◆ What is needed
Below are lines of data, and only some are wanted. Please repeat exactly those from the line that has "X139976285Y-89562181D01*" through the line that has "X144381401Y-89684495D01*".

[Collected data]

● ● ● ●

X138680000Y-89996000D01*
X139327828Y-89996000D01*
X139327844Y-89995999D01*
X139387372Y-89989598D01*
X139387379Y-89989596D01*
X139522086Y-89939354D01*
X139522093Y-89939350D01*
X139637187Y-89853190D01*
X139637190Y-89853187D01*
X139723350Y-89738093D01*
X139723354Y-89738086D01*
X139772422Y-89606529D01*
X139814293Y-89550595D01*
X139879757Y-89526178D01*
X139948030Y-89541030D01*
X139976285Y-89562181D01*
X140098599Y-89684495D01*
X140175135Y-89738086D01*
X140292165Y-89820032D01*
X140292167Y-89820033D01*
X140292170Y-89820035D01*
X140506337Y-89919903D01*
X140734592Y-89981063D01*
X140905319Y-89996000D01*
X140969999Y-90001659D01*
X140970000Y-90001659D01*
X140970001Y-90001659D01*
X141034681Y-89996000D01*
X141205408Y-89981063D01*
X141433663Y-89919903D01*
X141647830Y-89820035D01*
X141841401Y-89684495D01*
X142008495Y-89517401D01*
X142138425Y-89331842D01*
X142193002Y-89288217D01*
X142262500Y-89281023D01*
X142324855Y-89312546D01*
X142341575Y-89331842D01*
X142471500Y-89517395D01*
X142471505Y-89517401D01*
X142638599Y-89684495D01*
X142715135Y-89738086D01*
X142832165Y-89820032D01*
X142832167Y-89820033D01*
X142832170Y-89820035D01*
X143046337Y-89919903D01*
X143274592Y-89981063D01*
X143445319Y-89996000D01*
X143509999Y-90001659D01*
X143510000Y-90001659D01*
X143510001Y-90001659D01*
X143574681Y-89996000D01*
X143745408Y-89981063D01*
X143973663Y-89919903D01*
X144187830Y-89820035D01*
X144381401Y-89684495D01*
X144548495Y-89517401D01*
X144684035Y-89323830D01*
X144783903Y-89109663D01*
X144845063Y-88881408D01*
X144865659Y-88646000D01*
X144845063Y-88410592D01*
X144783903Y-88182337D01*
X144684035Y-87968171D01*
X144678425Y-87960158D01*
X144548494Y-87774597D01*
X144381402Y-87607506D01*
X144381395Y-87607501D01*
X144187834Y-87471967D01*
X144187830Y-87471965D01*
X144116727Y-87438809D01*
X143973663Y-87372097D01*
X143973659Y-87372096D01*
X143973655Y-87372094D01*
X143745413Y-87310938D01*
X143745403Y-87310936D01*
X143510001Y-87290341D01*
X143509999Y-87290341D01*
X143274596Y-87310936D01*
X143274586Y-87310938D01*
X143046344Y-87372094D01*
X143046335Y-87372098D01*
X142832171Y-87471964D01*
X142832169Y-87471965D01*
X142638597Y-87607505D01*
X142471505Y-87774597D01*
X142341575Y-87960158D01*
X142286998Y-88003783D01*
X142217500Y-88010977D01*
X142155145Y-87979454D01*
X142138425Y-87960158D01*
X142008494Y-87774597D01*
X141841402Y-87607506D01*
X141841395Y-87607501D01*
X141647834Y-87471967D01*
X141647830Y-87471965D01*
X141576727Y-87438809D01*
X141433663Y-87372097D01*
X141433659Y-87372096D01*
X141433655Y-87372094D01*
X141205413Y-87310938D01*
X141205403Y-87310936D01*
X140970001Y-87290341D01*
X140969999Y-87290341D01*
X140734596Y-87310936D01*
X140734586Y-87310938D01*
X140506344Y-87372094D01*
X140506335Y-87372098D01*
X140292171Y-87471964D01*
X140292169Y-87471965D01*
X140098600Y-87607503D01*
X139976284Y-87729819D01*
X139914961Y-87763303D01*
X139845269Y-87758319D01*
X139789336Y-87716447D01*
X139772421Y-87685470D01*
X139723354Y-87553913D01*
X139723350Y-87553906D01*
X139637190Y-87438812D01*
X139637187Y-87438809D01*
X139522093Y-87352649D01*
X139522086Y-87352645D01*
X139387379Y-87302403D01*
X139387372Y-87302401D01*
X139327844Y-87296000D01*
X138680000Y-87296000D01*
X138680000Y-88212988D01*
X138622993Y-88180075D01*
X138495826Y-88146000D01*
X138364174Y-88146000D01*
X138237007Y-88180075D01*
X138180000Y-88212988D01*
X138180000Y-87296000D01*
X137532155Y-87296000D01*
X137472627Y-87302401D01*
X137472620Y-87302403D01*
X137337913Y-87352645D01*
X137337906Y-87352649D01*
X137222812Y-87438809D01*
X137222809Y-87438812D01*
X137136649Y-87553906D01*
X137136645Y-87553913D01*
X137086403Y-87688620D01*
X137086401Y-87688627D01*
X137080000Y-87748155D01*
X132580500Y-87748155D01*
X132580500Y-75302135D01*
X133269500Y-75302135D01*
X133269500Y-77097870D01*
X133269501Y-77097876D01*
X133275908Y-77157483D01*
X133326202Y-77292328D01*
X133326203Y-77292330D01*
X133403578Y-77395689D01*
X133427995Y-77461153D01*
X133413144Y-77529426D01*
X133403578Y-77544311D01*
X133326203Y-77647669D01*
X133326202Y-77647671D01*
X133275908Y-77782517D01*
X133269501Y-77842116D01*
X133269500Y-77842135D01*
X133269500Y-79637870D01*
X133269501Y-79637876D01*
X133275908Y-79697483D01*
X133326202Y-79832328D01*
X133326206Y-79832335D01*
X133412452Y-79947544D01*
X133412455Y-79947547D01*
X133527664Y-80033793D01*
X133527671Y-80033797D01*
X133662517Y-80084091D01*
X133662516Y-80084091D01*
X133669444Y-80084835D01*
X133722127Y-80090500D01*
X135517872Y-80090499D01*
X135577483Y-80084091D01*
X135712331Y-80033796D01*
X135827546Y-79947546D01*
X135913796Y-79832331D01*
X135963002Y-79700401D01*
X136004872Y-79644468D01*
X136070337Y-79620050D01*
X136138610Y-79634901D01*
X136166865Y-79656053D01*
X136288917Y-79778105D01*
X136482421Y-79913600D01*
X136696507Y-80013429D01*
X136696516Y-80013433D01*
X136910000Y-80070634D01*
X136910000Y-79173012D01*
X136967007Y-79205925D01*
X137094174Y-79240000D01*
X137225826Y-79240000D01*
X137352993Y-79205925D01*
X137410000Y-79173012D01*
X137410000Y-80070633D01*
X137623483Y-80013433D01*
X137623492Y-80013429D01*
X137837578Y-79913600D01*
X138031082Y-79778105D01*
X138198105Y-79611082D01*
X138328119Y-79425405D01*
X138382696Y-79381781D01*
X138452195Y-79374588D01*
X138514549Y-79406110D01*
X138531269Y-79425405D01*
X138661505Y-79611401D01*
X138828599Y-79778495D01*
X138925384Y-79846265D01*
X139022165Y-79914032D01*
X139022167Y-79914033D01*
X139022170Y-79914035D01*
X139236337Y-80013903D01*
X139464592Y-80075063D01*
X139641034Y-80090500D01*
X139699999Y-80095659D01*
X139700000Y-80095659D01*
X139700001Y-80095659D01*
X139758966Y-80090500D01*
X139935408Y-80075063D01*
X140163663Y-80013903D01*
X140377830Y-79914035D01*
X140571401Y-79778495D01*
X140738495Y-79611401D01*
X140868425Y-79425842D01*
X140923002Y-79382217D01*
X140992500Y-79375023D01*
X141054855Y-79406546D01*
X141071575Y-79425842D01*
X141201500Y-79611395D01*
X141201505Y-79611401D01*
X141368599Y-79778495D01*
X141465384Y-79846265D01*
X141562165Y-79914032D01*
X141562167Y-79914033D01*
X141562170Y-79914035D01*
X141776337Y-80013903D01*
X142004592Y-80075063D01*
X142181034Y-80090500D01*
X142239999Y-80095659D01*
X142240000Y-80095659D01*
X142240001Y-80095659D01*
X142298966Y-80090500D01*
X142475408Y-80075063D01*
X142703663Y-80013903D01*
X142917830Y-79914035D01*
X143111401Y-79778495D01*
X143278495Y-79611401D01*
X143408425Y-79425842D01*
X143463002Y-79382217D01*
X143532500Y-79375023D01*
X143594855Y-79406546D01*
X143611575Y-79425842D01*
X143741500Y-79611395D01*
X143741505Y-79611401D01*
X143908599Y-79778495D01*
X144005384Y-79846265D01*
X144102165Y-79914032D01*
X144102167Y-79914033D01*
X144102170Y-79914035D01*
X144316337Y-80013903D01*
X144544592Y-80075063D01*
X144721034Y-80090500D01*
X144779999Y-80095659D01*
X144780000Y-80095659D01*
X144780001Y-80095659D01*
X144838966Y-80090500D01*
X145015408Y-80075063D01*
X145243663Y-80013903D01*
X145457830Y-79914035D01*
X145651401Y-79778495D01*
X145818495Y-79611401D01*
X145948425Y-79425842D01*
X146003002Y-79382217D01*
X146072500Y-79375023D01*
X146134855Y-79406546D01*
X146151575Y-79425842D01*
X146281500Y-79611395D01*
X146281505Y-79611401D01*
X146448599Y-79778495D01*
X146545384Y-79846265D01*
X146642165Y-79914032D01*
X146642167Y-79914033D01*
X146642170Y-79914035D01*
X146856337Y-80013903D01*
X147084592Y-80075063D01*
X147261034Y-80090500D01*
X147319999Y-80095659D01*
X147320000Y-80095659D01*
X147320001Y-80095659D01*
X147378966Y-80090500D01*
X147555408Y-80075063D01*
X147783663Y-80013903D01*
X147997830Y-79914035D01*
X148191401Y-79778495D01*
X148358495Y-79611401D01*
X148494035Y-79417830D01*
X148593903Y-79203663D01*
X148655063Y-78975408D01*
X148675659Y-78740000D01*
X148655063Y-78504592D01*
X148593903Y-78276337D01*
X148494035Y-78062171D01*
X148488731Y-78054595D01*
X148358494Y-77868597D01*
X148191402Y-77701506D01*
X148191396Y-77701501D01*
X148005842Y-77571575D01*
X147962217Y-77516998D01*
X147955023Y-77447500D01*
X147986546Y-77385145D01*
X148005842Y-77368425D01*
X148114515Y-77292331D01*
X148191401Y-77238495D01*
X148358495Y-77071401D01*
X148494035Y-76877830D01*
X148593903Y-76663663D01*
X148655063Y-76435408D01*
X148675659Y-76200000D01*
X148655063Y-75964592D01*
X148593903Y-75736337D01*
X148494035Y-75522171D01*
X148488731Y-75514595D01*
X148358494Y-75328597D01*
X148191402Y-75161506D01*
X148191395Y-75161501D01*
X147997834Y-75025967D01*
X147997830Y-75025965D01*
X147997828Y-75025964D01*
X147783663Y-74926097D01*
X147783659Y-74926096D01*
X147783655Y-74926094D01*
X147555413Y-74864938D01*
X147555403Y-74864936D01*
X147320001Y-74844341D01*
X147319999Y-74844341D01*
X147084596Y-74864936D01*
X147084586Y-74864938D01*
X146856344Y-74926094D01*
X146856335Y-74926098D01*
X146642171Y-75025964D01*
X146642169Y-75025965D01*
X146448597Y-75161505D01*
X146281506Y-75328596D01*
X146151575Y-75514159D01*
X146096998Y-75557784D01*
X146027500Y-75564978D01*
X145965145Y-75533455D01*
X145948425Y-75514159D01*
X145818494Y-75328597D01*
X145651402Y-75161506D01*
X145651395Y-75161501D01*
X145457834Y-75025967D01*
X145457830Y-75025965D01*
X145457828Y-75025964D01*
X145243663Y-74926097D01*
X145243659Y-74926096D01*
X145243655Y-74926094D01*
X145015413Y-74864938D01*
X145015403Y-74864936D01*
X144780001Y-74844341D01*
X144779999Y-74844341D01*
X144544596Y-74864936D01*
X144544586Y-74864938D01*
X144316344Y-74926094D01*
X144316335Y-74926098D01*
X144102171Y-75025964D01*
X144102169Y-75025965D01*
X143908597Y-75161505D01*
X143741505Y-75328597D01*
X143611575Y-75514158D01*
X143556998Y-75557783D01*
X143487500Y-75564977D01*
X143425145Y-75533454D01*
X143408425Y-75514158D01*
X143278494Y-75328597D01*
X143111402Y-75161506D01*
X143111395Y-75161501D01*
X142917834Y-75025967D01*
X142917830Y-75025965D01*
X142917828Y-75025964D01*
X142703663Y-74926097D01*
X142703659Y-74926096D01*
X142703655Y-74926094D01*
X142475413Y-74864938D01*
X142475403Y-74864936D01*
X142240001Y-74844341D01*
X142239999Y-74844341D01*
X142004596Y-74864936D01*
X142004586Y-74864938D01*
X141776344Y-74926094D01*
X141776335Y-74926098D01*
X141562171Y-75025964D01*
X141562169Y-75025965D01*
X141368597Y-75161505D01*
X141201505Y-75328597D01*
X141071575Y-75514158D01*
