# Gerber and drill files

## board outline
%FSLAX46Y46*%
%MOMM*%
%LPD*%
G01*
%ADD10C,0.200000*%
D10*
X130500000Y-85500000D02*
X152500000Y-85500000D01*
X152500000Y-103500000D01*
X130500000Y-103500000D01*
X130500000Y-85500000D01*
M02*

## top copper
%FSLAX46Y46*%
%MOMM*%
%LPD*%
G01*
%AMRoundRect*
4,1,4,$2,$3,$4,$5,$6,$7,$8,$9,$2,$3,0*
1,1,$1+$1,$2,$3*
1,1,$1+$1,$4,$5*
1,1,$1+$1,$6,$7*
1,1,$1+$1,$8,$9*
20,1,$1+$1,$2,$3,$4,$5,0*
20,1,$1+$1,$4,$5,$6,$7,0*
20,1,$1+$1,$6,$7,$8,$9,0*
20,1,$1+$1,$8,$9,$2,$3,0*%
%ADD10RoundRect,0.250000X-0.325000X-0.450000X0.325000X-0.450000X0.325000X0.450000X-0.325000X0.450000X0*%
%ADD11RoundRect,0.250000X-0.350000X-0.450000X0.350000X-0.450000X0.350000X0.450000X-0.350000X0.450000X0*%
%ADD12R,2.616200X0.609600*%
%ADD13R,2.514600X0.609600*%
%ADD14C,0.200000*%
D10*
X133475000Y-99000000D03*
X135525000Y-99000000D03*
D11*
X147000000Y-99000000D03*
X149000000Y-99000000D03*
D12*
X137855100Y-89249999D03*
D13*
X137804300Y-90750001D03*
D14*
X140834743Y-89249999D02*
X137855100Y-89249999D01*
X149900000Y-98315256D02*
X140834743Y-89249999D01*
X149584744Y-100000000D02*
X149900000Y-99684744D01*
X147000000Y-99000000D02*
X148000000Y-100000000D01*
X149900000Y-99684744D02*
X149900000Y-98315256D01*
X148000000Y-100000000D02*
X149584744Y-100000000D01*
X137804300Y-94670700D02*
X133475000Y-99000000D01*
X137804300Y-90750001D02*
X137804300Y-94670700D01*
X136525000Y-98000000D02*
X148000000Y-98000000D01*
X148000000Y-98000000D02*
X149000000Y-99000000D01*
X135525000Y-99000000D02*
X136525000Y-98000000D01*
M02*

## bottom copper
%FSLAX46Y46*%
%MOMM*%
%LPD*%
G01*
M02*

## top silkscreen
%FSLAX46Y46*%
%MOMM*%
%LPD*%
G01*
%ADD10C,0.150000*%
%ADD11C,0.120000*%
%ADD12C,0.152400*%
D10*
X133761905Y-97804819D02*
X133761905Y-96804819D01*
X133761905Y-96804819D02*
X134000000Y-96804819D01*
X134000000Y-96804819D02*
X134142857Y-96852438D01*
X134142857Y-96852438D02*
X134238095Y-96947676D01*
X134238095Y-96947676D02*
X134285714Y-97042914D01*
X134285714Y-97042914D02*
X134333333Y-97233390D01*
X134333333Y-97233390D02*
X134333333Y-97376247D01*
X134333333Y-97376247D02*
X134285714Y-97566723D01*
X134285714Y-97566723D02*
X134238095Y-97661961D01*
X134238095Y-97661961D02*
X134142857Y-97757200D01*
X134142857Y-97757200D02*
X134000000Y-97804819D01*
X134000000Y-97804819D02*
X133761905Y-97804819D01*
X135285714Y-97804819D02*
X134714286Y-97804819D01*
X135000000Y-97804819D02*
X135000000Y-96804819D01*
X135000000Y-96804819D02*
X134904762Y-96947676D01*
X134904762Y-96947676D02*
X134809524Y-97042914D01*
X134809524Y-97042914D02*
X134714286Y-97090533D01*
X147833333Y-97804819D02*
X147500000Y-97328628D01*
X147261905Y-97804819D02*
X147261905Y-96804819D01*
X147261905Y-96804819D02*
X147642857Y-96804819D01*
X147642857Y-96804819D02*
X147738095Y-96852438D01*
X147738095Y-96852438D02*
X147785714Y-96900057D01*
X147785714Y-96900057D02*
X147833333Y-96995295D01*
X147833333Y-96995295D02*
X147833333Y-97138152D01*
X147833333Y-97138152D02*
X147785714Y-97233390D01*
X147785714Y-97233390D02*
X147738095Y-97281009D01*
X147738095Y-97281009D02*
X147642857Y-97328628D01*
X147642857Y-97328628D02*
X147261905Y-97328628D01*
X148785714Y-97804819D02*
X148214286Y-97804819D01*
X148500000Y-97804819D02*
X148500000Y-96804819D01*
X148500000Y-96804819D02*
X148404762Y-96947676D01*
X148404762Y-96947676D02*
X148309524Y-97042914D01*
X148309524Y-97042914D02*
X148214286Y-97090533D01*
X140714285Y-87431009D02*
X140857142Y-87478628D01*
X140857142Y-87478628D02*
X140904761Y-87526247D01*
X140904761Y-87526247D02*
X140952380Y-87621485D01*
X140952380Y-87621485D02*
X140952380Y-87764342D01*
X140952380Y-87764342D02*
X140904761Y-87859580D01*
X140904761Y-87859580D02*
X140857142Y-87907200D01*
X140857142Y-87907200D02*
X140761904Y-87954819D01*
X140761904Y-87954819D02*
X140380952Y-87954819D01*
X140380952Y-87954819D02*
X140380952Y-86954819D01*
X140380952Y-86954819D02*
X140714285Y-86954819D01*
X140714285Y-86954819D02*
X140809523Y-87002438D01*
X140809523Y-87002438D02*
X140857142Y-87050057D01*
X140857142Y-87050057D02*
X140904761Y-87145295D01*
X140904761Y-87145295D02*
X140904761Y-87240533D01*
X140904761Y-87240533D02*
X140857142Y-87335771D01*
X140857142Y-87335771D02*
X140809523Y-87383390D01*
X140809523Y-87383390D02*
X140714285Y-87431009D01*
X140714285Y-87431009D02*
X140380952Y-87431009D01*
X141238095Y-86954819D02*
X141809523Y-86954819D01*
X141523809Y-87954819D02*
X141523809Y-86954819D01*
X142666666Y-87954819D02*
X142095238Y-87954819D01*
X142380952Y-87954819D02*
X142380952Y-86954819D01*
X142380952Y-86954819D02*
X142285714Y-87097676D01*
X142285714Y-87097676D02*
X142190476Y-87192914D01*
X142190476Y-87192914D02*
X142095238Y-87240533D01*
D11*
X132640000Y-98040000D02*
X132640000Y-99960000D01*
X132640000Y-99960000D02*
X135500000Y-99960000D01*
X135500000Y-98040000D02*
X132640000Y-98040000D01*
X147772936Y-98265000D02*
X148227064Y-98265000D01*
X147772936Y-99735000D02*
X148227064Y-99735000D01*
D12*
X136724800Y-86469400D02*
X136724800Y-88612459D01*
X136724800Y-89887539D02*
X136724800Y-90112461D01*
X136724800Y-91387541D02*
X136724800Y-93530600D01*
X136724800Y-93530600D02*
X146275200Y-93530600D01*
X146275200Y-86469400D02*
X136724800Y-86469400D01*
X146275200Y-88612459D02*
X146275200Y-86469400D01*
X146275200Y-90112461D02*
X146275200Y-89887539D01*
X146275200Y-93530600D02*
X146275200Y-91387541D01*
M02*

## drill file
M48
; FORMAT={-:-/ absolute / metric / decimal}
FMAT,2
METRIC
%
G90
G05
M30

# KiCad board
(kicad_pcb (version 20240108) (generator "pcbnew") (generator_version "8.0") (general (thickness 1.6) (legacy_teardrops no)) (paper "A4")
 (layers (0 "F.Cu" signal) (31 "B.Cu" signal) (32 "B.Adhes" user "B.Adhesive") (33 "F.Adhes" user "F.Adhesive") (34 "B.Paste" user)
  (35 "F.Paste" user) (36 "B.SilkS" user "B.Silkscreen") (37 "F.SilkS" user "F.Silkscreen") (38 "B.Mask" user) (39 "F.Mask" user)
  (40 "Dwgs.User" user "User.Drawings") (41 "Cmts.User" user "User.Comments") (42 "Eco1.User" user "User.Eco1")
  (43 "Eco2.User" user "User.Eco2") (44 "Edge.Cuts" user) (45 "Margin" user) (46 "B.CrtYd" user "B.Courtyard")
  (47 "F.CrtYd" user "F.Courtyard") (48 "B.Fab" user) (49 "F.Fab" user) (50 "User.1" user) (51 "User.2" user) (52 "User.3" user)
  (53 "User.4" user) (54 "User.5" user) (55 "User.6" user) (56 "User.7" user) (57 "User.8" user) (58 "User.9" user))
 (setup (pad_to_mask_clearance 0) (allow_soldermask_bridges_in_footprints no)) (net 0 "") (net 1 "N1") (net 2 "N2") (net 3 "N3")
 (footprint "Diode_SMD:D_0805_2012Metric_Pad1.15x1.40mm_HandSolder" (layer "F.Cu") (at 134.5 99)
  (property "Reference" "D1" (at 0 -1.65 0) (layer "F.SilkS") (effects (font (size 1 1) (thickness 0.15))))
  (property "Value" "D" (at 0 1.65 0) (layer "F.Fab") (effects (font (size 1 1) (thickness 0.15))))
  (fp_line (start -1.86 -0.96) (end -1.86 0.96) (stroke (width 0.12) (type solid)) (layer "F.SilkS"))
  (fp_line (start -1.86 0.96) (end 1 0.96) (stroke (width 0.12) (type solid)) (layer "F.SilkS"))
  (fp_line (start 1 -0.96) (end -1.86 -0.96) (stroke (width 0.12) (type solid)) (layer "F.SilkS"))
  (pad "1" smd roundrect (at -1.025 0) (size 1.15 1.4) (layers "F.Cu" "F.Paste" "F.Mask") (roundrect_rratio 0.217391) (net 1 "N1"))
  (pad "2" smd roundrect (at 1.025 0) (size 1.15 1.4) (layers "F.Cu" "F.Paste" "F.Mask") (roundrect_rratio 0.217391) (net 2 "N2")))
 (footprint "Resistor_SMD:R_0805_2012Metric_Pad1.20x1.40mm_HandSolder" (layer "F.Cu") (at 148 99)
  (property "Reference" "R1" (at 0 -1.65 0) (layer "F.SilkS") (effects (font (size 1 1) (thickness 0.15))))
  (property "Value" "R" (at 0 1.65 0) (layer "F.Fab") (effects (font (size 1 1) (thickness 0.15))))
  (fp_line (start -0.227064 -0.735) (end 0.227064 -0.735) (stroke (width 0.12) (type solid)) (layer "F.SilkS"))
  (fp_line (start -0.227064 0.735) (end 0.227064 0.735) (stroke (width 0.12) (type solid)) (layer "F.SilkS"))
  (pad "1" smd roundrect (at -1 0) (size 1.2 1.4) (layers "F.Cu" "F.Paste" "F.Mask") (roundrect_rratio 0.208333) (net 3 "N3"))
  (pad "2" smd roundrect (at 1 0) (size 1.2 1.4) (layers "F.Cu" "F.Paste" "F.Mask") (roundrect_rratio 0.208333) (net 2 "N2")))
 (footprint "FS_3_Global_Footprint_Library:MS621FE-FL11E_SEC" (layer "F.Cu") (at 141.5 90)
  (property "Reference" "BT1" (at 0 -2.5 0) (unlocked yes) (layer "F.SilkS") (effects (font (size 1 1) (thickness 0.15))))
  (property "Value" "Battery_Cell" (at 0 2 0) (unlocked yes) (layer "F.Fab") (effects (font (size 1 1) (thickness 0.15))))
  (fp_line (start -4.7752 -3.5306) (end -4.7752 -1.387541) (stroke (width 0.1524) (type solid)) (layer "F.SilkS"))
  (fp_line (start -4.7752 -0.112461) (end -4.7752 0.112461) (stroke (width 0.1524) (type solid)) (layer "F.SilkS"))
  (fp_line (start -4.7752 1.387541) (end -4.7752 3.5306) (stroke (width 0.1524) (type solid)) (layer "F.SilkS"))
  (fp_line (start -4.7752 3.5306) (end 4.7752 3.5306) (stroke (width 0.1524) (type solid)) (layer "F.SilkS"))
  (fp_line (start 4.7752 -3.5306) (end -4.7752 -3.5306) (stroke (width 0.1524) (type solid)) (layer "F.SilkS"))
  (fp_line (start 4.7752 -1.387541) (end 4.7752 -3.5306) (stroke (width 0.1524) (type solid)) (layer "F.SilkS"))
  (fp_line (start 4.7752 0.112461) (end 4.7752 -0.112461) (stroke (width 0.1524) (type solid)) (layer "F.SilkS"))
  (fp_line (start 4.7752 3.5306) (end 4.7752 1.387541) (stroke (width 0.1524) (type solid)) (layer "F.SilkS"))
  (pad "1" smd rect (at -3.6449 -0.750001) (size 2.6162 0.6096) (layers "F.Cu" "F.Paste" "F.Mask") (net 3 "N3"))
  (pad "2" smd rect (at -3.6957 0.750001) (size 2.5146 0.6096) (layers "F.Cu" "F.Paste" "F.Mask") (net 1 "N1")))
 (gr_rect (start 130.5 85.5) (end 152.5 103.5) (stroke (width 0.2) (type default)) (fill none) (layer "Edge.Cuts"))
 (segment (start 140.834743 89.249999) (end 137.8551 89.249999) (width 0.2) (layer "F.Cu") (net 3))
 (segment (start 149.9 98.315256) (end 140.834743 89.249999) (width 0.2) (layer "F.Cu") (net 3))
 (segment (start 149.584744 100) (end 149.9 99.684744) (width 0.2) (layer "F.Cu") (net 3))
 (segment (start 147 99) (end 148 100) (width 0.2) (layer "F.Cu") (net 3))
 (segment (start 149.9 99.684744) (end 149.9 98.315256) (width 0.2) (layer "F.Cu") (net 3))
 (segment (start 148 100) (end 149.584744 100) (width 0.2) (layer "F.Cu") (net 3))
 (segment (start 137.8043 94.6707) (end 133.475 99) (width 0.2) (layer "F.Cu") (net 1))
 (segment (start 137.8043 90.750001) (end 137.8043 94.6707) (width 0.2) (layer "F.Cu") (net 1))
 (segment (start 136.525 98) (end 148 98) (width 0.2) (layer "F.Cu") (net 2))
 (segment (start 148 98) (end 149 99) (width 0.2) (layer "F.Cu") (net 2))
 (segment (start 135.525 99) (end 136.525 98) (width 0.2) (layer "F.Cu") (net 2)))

● ● ● ●

◆ Task result
X139976285Y-89562181D01*
X140098599Y-89684495D01*
X140175135Y-89738086D01*
X140292165Y-89820032D01*
X140292167Y-89820033D01*
X140292170Y-89820035D01*
X140506337Y-89919903D01*
X140734592Y-89981063D01*
X140905319Y-89996000D01*
X140969999Y-90001659D01*
X140970000Y-90001659D01*
X140970001Y-90001659D01*
X141034681Y-89996000D01*
X141205408Y-89981063D01*
X141433663Y-89919903D01*
X141647830Y-89820035D01*
X141841401Y-89684495D01*
X142008495Y-89517401D01*
X142138425Y-89331842D01*
X142193002Y-89288217D01*
X142262500Y-89281023D01*
X142324855Y-89312546D01*
X142341575Y-89331842D01*
X142471500Y-89517395D01*
X142471505Y-89517401D01*
X142638599Y-89684495D01*
X142715135Y-89738086D01*
X142832165Y-89820032D01*
X142832167Y-89820033D01*
X142832170Y-89820035D01*
X143046337Y-89919903D01*
X143274592Y-89981063D01*
X143445319Y-89996000D01*
X143509999Y-90001659D01*
X143510000Y-90001659D01*
X143510001Y-90001659D01*
X143574681Y-89996000D01*
X143745408Y-89981063D01*
X143973663Y-89919903D01*
X144187830Y-89820035D01*
X144381401Y-89684495D01*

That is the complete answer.